㈧What does cryptocurrency mean?
Cryptocurrency is a type of digital currency. It is a trading medium that uses cryptographic principles to ensure transaction security and control the creation of transaction units. Bits Coin became the first decentralized cryptocurrency in 2009, and since then the term cryptocurrency has mostly referred to this type of design. Cryptocurrency is based on a decentralized consensus mechanism, as opposed to a banking financial system that relies on a centralized regulatory system.
The decentralized nature of cryptocurrency originates from the blockchain technology of distributed ledgers. Blockchain is an intelligent peer-to-peer network that uses distributed databases to identify, disseminate and record information. Also known as the Internet of Value. Satoshi Nakamoto proposed the concept of "blockchain" in 2008 and founded Bitcoin in 2009.
The total number of Bitcoins is only 21 million. They are not issued by specific monetary institutions. Their characteristics include decentralization, low transaction fees, global circulation, no hidden costs, exclusive ownership, and cross-platform mining. wait. Anyone can mine, buy, sell or receive Bitcoin regardless of location.
Bitcoin cannot be traded in China. The main price is affected by a variety of factors and is extremely unstable. At the same time, the price of a single coin is around US$10,000, which is simply unaffordable for ordinary users. For example, in 2017, the lowest price of Bitcoin throughout the year was US$775, and the highest price reached US$19,757.
㈨ What is Cryptocurrency
Cryptocurrency is a transaction medium that uses cryptographic principles to ensure transaction security and control the creation of transaction units. Cryptocurrency is a digital currency (or a type of virtual currency).

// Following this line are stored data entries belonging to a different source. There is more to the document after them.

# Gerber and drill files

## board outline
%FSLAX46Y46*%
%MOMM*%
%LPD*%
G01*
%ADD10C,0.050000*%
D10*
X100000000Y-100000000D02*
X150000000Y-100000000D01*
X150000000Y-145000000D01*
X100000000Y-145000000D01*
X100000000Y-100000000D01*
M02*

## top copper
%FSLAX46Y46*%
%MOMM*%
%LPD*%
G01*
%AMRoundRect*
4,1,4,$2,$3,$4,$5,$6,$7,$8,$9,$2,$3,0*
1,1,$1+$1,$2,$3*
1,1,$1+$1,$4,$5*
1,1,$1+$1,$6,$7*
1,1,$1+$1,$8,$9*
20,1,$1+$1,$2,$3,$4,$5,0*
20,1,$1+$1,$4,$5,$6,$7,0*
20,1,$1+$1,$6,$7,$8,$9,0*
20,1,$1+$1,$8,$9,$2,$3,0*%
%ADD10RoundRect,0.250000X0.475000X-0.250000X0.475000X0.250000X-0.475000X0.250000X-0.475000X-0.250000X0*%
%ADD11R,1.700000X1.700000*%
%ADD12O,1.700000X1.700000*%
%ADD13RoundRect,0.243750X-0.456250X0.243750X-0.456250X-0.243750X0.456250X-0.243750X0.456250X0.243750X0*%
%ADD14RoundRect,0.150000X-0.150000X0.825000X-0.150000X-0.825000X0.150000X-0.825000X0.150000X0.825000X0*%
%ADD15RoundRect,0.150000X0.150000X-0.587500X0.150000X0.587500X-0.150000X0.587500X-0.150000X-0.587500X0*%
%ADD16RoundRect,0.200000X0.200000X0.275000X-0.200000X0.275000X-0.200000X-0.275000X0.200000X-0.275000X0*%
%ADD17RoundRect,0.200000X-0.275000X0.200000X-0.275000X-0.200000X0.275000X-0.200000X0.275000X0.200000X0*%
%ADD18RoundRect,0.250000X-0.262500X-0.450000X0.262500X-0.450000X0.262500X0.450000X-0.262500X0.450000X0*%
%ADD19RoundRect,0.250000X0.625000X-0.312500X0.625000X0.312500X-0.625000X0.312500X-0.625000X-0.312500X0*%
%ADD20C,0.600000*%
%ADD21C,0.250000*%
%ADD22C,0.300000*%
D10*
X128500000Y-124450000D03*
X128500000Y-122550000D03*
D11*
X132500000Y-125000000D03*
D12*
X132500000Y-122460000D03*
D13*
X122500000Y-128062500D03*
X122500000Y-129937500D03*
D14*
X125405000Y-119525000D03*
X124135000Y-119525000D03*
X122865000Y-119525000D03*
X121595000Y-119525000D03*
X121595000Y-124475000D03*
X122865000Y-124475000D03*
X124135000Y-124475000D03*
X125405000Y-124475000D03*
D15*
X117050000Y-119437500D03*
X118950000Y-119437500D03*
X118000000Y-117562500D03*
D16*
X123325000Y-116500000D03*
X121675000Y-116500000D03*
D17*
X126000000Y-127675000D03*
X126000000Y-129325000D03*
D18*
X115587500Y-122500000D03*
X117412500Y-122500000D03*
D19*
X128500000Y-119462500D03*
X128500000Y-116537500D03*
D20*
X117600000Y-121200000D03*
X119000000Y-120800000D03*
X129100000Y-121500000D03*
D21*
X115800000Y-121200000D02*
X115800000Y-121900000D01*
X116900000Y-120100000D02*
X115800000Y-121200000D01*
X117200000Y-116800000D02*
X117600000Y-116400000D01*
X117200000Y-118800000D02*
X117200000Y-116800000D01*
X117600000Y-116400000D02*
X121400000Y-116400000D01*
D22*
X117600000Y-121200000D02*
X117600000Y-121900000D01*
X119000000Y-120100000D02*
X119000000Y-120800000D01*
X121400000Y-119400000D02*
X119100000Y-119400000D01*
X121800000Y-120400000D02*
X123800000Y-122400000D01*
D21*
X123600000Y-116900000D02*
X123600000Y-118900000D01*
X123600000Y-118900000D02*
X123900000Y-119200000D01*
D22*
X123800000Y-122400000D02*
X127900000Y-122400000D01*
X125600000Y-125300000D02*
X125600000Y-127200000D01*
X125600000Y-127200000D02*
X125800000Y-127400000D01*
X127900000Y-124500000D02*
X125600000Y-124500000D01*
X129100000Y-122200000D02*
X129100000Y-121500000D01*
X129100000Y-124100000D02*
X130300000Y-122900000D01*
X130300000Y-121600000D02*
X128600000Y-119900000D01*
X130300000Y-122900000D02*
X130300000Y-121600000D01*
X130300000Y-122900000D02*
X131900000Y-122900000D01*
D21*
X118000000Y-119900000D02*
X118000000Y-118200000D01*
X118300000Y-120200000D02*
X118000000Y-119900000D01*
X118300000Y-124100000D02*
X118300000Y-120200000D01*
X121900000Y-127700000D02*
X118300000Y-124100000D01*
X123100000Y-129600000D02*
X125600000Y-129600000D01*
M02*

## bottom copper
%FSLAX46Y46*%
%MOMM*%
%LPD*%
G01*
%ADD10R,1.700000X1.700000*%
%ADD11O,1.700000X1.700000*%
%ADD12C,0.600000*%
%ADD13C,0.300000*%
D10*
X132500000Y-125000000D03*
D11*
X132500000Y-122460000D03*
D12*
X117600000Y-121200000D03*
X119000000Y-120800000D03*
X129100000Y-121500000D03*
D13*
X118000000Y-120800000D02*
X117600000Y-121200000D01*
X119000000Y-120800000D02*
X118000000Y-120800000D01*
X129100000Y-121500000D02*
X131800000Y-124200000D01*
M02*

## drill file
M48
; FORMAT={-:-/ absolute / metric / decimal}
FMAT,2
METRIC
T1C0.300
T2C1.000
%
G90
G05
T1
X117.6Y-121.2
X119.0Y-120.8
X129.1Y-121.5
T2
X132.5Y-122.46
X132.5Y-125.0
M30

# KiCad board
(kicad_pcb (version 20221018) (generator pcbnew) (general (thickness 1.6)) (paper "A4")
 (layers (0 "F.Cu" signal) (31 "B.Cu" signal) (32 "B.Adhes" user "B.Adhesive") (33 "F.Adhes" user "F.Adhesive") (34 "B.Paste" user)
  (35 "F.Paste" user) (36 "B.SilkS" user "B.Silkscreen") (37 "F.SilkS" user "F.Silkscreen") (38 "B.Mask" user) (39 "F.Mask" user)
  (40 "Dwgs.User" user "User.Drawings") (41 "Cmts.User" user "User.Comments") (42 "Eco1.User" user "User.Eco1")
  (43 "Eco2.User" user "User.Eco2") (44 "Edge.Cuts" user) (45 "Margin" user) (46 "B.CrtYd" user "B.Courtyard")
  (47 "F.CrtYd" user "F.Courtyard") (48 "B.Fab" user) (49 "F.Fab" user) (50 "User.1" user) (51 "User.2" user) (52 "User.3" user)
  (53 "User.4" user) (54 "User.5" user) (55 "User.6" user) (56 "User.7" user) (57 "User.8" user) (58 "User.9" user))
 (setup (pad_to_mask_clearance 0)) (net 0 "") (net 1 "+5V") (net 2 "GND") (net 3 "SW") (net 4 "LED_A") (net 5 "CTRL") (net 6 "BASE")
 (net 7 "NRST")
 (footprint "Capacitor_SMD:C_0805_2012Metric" (layer "F.Cu") (at 128.5 123.5 90)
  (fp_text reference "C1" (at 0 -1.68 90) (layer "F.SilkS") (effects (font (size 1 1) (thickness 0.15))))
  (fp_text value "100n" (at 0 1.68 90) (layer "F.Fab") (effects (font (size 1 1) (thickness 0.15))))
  (pad "1" smd roundrect (at -0.95 0 90) (size 1 1.45) (layers "F.Cu" "F.Paste" "F.Mask") (roundrect_rratio 0.25) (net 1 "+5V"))
  (pad "2" smd roundrect (at 0.95 0 90) (size 1 1.45) (layers "F.Cu" "F.Paste" "F.Mask") (roundrect_rratio 0.25) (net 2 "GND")))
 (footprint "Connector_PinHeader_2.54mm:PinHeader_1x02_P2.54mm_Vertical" (layer "F.Cu") (at 132.5 125 180)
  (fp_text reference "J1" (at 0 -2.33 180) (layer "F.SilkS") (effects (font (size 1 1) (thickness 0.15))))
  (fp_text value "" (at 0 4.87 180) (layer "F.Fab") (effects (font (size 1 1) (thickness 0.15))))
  (pad "1" thru_hole rect (at 0 0 180) (size 1.7 1.7) (drill 1) (layers "*.Cu" "*.Mask") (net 2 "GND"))
  (pad "2" thru_hole oval (at 0 2.54 180) (size 1.7 1.7) (drill 1) (layers "*.Cu" "*.Mask") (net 1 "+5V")))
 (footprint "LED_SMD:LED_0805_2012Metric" (layer "F.Cu") (at 122.5 129 -90)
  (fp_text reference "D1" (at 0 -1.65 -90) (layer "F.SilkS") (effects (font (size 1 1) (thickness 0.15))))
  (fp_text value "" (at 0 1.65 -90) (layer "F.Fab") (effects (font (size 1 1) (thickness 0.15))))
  (pad "1" smd roundrect (at -0.9375 0 270) (size 0.975 1.4) (layers "F.Cu" "F.Paste" "F.Mask") (roundrect_rratio 0.25) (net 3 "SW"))
  (pad "2" smd roundrect (at 0.9375 0 270) (size 0.975 1.4) (layers "F.Cu" "F.Paste" "F.Mask") (roundrect_rratio 0.25) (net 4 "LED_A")))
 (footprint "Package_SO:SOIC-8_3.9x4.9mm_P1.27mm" (layer "F.Cu") (at 123.5 122 -90)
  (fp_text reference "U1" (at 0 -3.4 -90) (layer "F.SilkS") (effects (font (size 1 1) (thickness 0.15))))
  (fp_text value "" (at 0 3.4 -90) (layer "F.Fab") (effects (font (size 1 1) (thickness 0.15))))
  (pad "1" smd roundrect (at -2.475 -1.905 270) (size 1.95 0.6) (layers "F.Cu" "F.Paste" "F.Mask") (roundrect_rratio 0.25))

Bitcoin became the first decentralized cryptocurrency in 2009, and since then the term cryptocurrency has mostly referred to such designs. Since then several similar cryptocurrencies have been created, often called altcoins. Cryptocurrency is based on a decentralized consensus mechanism, as opposed to a banking financial system that relies on a centralized regulatory system.

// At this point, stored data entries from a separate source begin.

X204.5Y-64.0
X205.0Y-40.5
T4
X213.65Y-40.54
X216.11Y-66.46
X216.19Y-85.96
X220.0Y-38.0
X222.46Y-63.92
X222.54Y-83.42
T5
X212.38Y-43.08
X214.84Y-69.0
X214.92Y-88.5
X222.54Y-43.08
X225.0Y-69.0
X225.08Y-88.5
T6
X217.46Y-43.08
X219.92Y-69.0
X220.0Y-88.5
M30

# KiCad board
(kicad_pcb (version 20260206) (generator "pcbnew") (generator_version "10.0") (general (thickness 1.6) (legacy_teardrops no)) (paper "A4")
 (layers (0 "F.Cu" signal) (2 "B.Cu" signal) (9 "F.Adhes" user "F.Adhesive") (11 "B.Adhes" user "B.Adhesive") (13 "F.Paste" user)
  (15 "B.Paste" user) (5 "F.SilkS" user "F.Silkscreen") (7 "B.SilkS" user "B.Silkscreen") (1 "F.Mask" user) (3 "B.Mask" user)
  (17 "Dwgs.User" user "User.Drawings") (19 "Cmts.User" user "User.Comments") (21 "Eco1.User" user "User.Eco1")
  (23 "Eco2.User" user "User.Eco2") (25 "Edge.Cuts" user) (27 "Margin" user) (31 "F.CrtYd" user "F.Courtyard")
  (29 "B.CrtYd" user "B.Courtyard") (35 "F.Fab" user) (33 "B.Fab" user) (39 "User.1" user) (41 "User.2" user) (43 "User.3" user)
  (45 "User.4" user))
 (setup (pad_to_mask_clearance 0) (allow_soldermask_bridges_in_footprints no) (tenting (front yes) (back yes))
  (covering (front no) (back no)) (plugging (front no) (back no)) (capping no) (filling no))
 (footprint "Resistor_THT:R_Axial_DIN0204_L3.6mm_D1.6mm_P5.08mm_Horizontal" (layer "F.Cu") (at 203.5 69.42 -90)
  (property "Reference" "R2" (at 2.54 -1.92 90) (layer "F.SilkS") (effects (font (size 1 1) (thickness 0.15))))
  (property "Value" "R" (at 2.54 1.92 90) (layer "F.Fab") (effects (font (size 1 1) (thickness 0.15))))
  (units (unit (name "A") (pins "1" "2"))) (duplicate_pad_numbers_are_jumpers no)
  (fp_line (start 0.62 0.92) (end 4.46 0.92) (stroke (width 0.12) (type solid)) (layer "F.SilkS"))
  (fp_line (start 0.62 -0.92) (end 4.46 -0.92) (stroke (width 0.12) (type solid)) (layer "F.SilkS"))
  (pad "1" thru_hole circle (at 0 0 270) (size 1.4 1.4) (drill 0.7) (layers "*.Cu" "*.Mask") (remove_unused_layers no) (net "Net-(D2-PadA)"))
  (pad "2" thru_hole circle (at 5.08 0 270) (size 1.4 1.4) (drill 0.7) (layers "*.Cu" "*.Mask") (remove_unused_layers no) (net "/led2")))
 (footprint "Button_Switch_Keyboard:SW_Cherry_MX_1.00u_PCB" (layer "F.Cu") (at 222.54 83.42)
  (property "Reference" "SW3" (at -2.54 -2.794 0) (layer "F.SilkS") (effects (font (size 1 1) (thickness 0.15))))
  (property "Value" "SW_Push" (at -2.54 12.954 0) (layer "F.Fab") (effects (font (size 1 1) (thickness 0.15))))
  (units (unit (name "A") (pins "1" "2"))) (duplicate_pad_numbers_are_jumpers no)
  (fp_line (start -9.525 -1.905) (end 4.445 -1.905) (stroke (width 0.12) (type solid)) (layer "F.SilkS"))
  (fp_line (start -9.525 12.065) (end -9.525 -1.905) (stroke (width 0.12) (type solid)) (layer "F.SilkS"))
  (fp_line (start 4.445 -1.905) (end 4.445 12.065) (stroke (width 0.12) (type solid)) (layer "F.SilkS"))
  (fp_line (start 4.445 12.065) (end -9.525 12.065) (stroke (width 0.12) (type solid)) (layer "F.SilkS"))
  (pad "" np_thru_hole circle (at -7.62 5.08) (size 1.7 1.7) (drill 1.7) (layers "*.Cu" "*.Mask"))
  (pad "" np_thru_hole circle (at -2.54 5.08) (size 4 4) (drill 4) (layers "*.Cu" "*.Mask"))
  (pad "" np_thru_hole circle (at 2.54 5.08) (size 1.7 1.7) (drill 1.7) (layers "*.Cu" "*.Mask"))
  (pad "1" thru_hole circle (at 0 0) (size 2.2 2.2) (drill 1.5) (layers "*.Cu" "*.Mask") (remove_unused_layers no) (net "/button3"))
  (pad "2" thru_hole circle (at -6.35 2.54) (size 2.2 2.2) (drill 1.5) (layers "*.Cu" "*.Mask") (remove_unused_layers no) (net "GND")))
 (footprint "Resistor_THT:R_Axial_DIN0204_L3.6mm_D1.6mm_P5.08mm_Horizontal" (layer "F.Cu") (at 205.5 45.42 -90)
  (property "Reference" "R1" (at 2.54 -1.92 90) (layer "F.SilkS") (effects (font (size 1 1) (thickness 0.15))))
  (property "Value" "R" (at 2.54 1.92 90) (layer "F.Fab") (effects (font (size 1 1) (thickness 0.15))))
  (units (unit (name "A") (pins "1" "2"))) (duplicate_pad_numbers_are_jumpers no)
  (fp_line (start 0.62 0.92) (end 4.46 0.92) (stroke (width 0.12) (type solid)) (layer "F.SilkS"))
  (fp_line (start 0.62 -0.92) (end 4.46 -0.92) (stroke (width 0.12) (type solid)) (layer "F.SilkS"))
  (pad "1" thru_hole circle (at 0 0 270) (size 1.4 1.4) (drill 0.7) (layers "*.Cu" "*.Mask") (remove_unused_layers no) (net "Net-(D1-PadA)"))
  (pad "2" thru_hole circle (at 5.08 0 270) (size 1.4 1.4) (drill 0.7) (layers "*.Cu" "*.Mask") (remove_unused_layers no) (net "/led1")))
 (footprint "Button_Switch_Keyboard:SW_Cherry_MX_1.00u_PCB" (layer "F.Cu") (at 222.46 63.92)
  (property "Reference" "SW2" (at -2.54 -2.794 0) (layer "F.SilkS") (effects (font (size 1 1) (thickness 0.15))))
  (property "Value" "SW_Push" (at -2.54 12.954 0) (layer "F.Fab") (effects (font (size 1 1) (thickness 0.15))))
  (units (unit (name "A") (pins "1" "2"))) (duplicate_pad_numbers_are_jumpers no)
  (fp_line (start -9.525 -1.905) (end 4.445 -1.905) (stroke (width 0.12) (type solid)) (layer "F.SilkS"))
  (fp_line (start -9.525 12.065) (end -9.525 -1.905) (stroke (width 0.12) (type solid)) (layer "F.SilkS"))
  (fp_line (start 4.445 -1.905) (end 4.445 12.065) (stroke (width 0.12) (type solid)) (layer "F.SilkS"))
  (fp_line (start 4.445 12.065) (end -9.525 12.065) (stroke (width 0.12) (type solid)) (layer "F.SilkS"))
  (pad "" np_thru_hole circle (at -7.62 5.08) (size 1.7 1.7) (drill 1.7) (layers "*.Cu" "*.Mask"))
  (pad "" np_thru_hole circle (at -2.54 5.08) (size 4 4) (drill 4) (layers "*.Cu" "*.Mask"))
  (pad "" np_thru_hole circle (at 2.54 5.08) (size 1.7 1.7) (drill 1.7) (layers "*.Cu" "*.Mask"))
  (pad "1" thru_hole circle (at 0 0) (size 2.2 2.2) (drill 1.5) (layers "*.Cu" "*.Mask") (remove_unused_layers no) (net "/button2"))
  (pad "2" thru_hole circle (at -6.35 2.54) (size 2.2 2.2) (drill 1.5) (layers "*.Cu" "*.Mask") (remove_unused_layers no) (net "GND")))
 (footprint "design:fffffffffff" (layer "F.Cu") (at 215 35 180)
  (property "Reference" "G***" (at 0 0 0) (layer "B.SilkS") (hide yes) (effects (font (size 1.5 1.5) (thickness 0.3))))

The decentralized nature comes from the use of distributed ledger blockchain technology.
(9) What is blockchain cryptocurrency? Further reading:
Cryptocurrencies other than Bitcoin are also called altcoins and alternative coins ( English: altcoin), which is partly generated by referring to the ideas, principles, and source code of Bitcoin. It is a virtual currency similar to Bitcoin. There are more than 800 cryptocurrencies in circulation.
From February to April 2017, the proportion of altcoins in the total cryptocurrency market value increased from 15% to nearly 40%.
Since Bitcoin itself does not have an authoritative issuing agency and national power to maintain its authority and uniqueness, Bitcoin and its imitators can only get along equally. Although it is the earliest virtual currency, It is also the most well-known and familiar to people. It also has the largest user online community, has a strong network effect, and is also the cryptocurrency with the highest market value most of the time, but it does not have an absolutely exclusive status.